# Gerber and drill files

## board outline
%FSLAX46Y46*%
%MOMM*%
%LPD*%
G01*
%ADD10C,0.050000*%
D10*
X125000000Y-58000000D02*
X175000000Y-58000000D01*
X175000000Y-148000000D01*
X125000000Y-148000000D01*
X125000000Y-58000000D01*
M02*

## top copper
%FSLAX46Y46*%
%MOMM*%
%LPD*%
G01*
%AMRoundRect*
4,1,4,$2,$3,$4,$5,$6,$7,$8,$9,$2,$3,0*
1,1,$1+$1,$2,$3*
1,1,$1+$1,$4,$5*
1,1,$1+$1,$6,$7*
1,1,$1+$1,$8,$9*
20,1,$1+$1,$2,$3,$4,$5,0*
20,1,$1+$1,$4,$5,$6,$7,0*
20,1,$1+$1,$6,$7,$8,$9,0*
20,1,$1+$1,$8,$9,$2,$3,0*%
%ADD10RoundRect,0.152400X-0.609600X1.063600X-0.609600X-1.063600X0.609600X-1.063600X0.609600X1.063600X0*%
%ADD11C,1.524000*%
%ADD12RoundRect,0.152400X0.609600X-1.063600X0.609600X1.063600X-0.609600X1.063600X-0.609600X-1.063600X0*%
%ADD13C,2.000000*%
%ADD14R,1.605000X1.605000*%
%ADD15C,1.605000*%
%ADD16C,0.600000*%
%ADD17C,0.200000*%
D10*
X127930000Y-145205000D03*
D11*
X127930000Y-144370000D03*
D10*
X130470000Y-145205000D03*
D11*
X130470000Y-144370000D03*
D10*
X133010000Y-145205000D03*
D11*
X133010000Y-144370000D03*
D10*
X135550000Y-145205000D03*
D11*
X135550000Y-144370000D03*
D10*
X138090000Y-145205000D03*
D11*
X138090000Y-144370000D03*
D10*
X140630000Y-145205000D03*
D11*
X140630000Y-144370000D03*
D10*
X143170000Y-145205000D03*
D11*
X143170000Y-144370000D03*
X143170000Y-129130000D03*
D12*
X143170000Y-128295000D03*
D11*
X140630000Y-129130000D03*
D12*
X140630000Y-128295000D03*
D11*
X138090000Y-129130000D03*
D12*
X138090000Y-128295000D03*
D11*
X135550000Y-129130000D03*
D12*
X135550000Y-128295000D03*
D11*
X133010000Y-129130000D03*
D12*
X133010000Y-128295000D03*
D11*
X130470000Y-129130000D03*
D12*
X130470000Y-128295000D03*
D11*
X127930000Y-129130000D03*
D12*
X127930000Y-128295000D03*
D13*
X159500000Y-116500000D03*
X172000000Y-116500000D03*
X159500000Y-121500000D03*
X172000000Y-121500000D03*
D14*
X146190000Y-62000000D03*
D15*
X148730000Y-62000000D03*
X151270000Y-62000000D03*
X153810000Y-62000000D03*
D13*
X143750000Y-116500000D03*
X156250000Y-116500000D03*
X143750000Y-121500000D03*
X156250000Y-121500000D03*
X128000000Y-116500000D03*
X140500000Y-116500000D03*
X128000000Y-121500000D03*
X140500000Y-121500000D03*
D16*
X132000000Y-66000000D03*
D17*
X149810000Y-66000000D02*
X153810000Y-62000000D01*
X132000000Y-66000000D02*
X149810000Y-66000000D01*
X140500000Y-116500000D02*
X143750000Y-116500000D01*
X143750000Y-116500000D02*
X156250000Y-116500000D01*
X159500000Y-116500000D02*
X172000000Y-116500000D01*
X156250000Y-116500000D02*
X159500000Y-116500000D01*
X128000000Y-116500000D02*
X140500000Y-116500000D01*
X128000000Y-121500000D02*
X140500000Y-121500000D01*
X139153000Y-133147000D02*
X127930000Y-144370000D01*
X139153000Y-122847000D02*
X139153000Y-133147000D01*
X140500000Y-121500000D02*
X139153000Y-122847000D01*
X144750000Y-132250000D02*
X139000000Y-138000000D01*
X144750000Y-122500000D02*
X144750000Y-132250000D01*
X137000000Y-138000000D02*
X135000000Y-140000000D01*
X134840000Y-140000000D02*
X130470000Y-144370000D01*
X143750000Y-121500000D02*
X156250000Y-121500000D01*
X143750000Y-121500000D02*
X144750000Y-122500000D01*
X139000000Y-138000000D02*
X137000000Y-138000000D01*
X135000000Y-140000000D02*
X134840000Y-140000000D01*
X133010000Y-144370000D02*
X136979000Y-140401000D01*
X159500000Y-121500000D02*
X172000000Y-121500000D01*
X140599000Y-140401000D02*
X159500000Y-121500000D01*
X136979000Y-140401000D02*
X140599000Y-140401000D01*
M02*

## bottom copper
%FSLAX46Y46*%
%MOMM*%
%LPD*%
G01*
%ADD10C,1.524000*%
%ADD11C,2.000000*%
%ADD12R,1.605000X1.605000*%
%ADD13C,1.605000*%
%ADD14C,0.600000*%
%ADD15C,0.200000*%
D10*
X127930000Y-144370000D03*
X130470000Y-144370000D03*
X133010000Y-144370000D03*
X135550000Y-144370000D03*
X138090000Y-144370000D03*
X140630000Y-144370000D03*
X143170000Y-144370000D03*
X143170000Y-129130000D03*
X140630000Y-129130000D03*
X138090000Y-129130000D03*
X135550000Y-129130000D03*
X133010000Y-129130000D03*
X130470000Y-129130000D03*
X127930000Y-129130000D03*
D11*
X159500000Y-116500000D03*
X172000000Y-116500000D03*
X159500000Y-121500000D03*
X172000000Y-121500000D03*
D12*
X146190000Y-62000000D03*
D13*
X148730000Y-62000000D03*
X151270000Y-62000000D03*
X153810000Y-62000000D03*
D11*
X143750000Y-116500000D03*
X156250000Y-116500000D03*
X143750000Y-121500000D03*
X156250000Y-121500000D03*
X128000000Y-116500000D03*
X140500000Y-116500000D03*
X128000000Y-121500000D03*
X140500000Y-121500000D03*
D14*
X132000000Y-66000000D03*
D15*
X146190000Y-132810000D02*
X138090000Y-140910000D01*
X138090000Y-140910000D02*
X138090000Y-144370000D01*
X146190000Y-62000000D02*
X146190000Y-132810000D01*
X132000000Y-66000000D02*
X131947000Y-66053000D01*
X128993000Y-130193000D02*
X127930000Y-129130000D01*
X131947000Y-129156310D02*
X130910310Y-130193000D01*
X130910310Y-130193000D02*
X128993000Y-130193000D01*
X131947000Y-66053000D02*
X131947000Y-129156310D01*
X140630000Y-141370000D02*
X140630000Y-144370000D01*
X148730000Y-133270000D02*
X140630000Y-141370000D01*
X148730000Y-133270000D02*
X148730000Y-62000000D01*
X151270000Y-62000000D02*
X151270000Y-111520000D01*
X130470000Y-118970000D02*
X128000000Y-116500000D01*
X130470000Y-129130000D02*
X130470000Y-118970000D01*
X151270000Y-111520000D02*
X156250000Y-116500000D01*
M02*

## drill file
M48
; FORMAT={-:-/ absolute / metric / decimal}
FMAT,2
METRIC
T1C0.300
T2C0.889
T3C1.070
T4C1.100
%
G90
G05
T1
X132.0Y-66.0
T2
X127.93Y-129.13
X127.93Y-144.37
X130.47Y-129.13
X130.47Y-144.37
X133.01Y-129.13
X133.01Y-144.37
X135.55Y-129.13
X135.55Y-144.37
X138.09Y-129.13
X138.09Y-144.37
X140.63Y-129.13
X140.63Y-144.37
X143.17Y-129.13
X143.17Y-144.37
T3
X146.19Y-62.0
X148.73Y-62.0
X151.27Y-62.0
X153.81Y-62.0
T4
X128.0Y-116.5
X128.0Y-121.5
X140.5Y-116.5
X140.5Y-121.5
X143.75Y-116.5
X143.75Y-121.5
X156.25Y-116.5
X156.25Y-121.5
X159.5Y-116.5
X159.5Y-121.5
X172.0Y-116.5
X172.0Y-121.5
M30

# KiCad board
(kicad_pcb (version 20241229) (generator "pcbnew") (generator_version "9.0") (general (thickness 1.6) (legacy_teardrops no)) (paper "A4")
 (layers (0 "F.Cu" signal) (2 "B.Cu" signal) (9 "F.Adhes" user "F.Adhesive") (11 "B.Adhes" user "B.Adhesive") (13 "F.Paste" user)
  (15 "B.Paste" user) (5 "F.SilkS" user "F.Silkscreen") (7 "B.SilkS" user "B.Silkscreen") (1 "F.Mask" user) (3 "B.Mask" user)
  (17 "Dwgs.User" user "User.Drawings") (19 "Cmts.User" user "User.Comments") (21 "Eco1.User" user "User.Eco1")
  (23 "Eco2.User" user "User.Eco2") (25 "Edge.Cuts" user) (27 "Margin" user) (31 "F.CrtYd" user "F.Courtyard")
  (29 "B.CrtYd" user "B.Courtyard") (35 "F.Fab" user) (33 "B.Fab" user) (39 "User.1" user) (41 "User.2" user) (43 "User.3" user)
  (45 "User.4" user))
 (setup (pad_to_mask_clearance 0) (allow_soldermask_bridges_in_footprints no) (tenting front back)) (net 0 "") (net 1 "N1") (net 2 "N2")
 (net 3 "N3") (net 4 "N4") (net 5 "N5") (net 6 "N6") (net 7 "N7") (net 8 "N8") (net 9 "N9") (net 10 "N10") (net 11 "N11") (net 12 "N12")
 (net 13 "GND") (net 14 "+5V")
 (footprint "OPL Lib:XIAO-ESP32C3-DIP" (layer "F.Cu") (at 135.55 136.63 90)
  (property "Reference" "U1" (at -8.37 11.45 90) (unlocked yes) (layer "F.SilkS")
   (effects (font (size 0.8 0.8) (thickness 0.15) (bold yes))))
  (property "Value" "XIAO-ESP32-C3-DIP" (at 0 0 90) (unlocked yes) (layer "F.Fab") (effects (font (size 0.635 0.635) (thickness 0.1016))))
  (pad "1" smd roundrect (at -8.575 -7.62 270) (size 2.432 1.524) (layers "F.Cu" "F.Mask") (roundrect_rratio 0.1) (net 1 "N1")
   (thermal_bridge_angle 45))
  (pad "1" thru_hole circle (at -7.74 -7.62 270) (size 1.524 1.524) (drill 0.889) (layers "*.Cu" "*.Mask") (remove_unused_layers no)
   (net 1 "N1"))
  (pad "2" smd roundrect (at -8.575 -5.08 270) (size 2.432 1.524) (layers "F.Cu" "F.Mask") (roundrect_rratio 0.1) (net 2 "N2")
   (thermal_bridge_angle 45))
  (pad "2" thru_hole circle (at -7.74 -5.08 270) (size 1.524 1.524) (drill 0.889) (layers "*.Cu" "*.Mask") (remove_unused_layers no)
   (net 2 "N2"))
  (pad "3" smd roundrect (at -8.575 -2.54 270) (size 2.432 1.524) (layers "F.Cu" "F.Mask") (roundrect_rratio 0.1) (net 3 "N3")
   (thermal_bridge_angle 45))
  (pad "3" thru_hole circle (at -7.74 -2.54 270) (size 1.524 1.524) (drill 0.889) (layers "*.Cu" "*.Mask") (remove_unused_layers no)
   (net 3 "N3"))
  (pad "4" smd roundrect (at -8.575 0 270) (size 2.432 1.524) (layers "F.Cu" "F.Mask") (roundrect_rratio 0.1) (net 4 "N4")
   (thermal_bridge_angle 45))
  (pad "4" thru_hole circle (at -7.74 0 270) (size 1.524 1.524) (drill 0.889) (layers "*.Cu" "*.Mask") (remove_unused_layers no)
   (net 4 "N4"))
  (pad "5" smd roundrect (at -8.575 2.54 270) (size 2.432 1.524) (layers "F.Cu" "F.Mask") (roundrect_rratio 0.1) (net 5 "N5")
   (thermal_bridge_angle 45))
  (pad "5" thru_hole circle (at -7.74 2.54 270) (size 1.524 1.524) (drill 0.889) (layers "*.Cu" "*.Mask") (remove_unused_layers no)
   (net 5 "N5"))
  (pad "6" smd roundrect (at -8.575 5.08 270) (size 2.432 1.524) (layers "F.Cu" "F.Mask") (roundrect_rratio 0.1) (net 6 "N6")
   (thermal_bridge_angle 45))
  (pad "6" thru_hole circle (at -7.74 5.08 270) (size 1.524 1.524) (drill 0.889) (layers "*.Cu" "*.Mask") (remove_unused_layers no)
   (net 6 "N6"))
  (pad "7" smd roundrect (at -8.575 7.62 270) (size 2.432 1.524) (layers "F.Cu" "F.Mask") (roundrect_rratio 0.1) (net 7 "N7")
   (thermal_bridge_angle 45))
  (pad "7" thru_hole circle (at -7.74 7.62 270) (size 1.524 1.524) (drill 0.889) (layers "*.Cu" "*.Mask") (remove_unused_layers no)
   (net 7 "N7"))
  (pad "8" thru_hole circle (at 7.5 7.62 90) (size 1.524 1.524) (drill 0.889) (layers "*.Cu" "*.Mask") (remove_unused_layers no)
   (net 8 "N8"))
  (pad "8" smd roundrect (at 8.335 7.62 90) (size 2.432 1.524) (layers "F.Cu" "F.Mask") (roundrect_rratio 0.1) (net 8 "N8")
   (thermal_bridge_angle 45))
  (pad "9" thru_hole circle (at 7.5 5.08 90) (size 1.524 1.524) (drill 0.889) (layers "*.Cu" "*.Mask") (remove_unused_layers no)
   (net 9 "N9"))
  (pad "9" smd roundrect (at 8.335 5.08 90) (size 2.432 1.524) (layers "F.Cu" "F.Mask") (roundrect_rratio 0.1) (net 9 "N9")
   (thermal_bridge_angle 45))
  (pad "10" thru_hole circle (at 7.5 2.54 90) (size 1.524 1.524) (drill 0.889) (layers "*.Cu" "*.Mask") (remove_unused_layers no)
   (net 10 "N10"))
  (pad "10" smd roundrect (at 8.335 2.54 90) (size 2.432 1.524) (layers "F.Cu" "F.Mask") (roundrect_rratio 0.1) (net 10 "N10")
   (thermal_bridge_angle 45))
  (pad "11" thru_hole circle (at 7.5 0 90) (size 1.524 1.524) (drill 0.889) (layers "*.Cu" "*.Mask") (remove_unused_layers no)
   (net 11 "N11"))
  (pad "11" smd roundrect (at 8.335 0 90) (size 2.432 1.524) (layers "F.Cu" "F.Mask") (roundrect_rratio 0.1) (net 11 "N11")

********

◆ Task goal
The lines to return are those in the material above that hold "CrtYd".

◆ Answer for the task
  (23 "Eco2.User" user "User.Eco2") (25 "Edge.Cuts" user) (27 "Margin" user) (31 "F.CrtYd" user "F.Courtyard")
  (29 "B.CrtYd" user "B.Courtyard") (35 "F.Fab" user) (33 "B.Fab" user) (39 "User.1" user) (41 "User.2" user) (43 "User.3" user)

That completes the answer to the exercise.